While the cameras were rolling, however, a stillness settled over this nameless stretch of the Rio Grande. It was magic hour, the movie term for the slow fade of day during which the light is richest. Everything always looks good at magic hour, but something else was going on here, and while it was happening, Bill and I just looked at each other with astonished grins. We could hear the horses splashing through the water fifty yards away, we could hear the creaking of the high-backed saddles and the slap of a fish as it leaped in and out of the water. The cameras, booms, and reflectors were still there, the crew was still lining the bank, but we had ceased to notice these things. We were simply watching the horsemen cross the river, and we were smiling at each other because we were witnessing the same apparition. All of a sudden, it was real. Lonesome Dove had come alive.

Bill had his Nikon with him and was taking pictures, as he always did, but I was too focused on the suspended moment in front of us to remark upon his camera work. I had no idea at that point what kinds of pictures he was taking. He was shooting with an ordinary single-lens reflex camera on black and white Tri-X film. There was already an official unit photographer to take publicity stills on the set, and I just assumed that Bill, as the writer and executive producer of the movie, was making a private photographic record.

In fact, he was making art. One of the exposures he took that day ended up as the photograph titled “Crossing the Rio Grande,” which is one of the signature images of this book. It is printed, like the other photographs, in archaic sepia tones, and every time I look at it—which is every day, since a print of it hangs on my office wall—it sets off a little mind shiver, not just calling me back to that magic-hour river crossing but to someplace deeper and harder to reach, to a vanished time that is both wholly concocted and wholly real.

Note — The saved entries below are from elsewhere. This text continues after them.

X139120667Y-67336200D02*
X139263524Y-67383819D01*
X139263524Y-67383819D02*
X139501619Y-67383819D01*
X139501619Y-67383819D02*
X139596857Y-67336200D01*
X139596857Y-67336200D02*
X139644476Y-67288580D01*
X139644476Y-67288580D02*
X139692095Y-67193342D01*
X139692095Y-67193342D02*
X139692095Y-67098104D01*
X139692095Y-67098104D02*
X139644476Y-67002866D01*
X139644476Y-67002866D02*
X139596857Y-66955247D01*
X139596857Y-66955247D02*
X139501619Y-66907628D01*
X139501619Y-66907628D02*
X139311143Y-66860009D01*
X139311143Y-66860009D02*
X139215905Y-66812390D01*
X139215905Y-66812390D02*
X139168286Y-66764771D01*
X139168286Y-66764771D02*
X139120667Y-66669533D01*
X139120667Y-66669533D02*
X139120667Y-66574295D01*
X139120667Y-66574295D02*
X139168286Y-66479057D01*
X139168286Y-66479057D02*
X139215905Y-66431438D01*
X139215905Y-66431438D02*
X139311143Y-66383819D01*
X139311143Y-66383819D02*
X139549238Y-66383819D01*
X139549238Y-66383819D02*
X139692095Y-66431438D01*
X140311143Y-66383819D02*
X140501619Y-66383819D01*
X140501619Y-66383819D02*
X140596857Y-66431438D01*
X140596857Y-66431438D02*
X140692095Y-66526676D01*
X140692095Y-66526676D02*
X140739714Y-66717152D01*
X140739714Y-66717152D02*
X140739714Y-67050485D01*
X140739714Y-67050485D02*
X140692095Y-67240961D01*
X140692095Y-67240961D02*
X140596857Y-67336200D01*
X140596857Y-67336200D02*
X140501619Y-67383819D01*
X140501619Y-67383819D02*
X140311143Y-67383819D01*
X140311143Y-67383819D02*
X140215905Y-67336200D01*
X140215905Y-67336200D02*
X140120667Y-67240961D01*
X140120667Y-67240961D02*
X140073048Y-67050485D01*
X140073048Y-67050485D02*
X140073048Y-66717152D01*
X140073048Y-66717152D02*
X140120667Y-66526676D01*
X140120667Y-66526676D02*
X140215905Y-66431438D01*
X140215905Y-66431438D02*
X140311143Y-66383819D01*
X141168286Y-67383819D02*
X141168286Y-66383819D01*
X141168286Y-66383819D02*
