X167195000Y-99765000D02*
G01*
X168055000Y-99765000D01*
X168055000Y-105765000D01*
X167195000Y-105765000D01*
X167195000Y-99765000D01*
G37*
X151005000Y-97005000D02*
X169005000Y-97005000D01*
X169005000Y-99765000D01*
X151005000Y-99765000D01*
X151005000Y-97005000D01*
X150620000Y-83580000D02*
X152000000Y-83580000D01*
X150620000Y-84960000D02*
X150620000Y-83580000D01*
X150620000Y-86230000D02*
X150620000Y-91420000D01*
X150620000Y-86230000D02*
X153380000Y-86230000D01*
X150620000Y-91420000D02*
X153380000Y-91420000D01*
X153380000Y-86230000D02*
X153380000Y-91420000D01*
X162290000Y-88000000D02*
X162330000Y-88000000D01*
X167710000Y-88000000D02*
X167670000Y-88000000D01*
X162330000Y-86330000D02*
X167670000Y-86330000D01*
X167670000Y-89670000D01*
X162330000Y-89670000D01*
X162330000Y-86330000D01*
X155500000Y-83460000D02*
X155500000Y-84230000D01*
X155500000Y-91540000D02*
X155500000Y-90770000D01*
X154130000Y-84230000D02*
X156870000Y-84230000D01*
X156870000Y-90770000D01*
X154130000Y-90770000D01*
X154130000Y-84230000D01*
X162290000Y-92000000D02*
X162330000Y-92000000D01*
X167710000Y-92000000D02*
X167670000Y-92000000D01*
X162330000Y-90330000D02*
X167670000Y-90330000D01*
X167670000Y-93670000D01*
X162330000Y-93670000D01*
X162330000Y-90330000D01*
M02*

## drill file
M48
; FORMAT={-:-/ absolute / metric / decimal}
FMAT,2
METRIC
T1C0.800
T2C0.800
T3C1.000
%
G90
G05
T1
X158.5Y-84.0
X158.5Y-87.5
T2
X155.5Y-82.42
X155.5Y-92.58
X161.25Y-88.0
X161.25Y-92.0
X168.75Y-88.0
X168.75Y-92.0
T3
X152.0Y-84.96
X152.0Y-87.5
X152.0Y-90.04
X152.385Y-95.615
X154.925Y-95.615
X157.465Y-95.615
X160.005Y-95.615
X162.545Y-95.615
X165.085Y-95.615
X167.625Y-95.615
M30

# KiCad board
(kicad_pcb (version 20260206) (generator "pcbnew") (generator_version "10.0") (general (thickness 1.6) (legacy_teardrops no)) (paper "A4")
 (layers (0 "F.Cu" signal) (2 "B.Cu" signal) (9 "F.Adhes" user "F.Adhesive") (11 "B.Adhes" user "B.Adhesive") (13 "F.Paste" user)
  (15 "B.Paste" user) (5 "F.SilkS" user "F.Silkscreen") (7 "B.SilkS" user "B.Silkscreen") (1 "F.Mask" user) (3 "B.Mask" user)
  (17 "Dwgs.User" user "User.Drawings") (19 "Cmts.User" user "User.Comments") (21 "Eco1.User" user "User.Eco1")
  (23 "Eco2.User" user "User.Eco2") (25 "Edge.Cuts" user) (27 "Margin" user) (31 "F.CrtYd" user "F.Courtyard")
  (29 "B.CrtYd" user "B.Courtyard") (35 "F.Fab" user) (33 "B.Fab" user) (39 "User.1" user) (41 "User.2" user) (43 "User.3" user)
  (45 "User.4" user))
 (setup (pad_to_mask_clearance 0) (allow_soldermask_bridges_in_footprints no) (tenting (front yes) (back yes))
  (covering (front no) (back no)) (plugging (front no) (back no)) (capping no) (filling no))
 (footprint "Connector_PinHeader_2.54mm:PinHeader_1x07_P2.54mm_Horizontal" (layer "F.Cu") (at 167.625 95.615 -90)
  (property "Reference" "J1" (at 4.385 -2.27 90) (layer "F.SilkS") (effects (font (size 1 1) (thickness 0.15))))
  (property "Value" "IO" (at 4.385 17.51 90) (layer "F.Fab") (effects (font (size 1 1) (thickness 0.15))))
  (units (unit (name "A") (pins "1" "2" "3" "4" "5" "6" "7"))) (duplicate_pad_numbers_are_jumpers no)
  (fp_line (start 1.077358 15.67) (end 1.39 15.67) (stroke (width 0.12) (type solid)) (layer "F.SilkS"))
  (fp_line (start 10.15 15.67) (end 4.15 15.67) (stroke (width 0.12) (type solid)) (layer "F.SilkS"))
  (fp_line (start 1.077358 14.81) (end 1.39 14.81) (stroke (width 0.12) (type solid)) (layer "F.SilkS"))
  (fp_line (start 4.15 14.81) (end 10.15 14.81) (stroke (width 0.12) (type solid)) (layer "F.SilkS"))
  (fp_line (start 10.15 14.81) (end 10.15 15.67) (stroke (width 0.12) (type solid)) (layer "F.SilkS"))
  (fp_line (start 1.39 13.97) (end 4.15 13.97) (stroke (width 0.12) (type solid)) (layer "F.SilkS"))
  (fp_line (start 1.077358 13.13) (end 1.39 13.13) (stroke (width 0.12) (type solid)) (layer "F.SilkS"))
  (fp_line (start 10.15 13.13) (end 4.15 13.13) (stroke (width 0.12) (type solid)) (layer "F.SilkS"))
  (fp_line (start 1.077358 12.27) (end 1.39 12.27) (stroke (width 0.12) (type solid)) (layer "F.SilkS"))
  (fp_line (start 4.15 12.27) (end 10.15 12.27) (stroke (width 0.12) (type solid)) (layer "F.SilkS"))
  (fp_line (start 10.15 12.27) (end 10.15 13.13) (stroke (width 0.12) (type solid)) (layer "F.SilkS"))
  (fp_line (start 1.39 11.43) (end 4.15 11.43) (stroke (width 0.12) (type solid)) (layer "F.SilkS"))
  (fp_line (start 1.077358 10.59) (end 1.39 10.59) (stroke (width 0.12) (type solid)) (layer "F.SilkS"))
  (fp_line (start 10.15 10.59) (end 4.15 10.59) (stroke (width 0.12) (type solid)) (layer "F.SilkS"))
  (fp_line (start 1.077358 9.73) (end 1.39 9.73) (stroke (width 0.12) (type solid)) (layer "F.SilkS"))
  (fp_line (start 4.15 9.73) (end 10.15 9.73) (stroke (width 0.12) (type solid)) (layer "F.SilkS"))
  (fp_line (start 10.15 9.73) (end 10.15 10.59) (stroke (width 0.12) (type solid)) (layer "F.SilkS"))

These are not just pictures from Lonesome Dove; they are documentary images of something that seems to have really happened. The movie of Lonesome Dove exists on one plane, these photographs exist on another. They record an enterprise that is, like all movies, an elaborate attempt to trick us into believing that something is true when it is demonstrably not. But at the same time, they seem to be turning up an unexpected layer of authenticity. Fictional movies require a suspension of disbelief; photographs typically do not. What’s fascinating to me about Bill’s Lonesome Dove pictures is the way they blend the make-believe of movies with the trustworthiness of photography. Look at the picture titled “Call With Herd,” in which Tommy Lee Jones is sitting on a spotted gray mare, watching cattle as they are driven past. There is a certain cinematic vitality to it, but if you encountered it in a book of nineteenth-century photography, there would be precious little to give it away. This photograph is not advertising a movie, it’s not forcing a point; it’s just recording a passing pastoral moment on the Western frontier. The fact that the moment is manufactured, that Jones is not some aging trail driver but a then-41-year-old actor whose wrinkles are made of latex and whose stove-up posture has been thought out and rehearsed, whose pistol is under the vigilant watch of the production’s armorer and whose horse is only one of five horses playing the same animal—none of this undermines in the slightest the presence and force of the image. There is a frank and vibrant paradox in all of these photographs: The artifice itself is what makes them so credible. They all seem to have been taken in the same frame of mind that Bill was in when we were standing on the riverbank that day and he could not hide his delight at how wondrously real everything had suddenly become.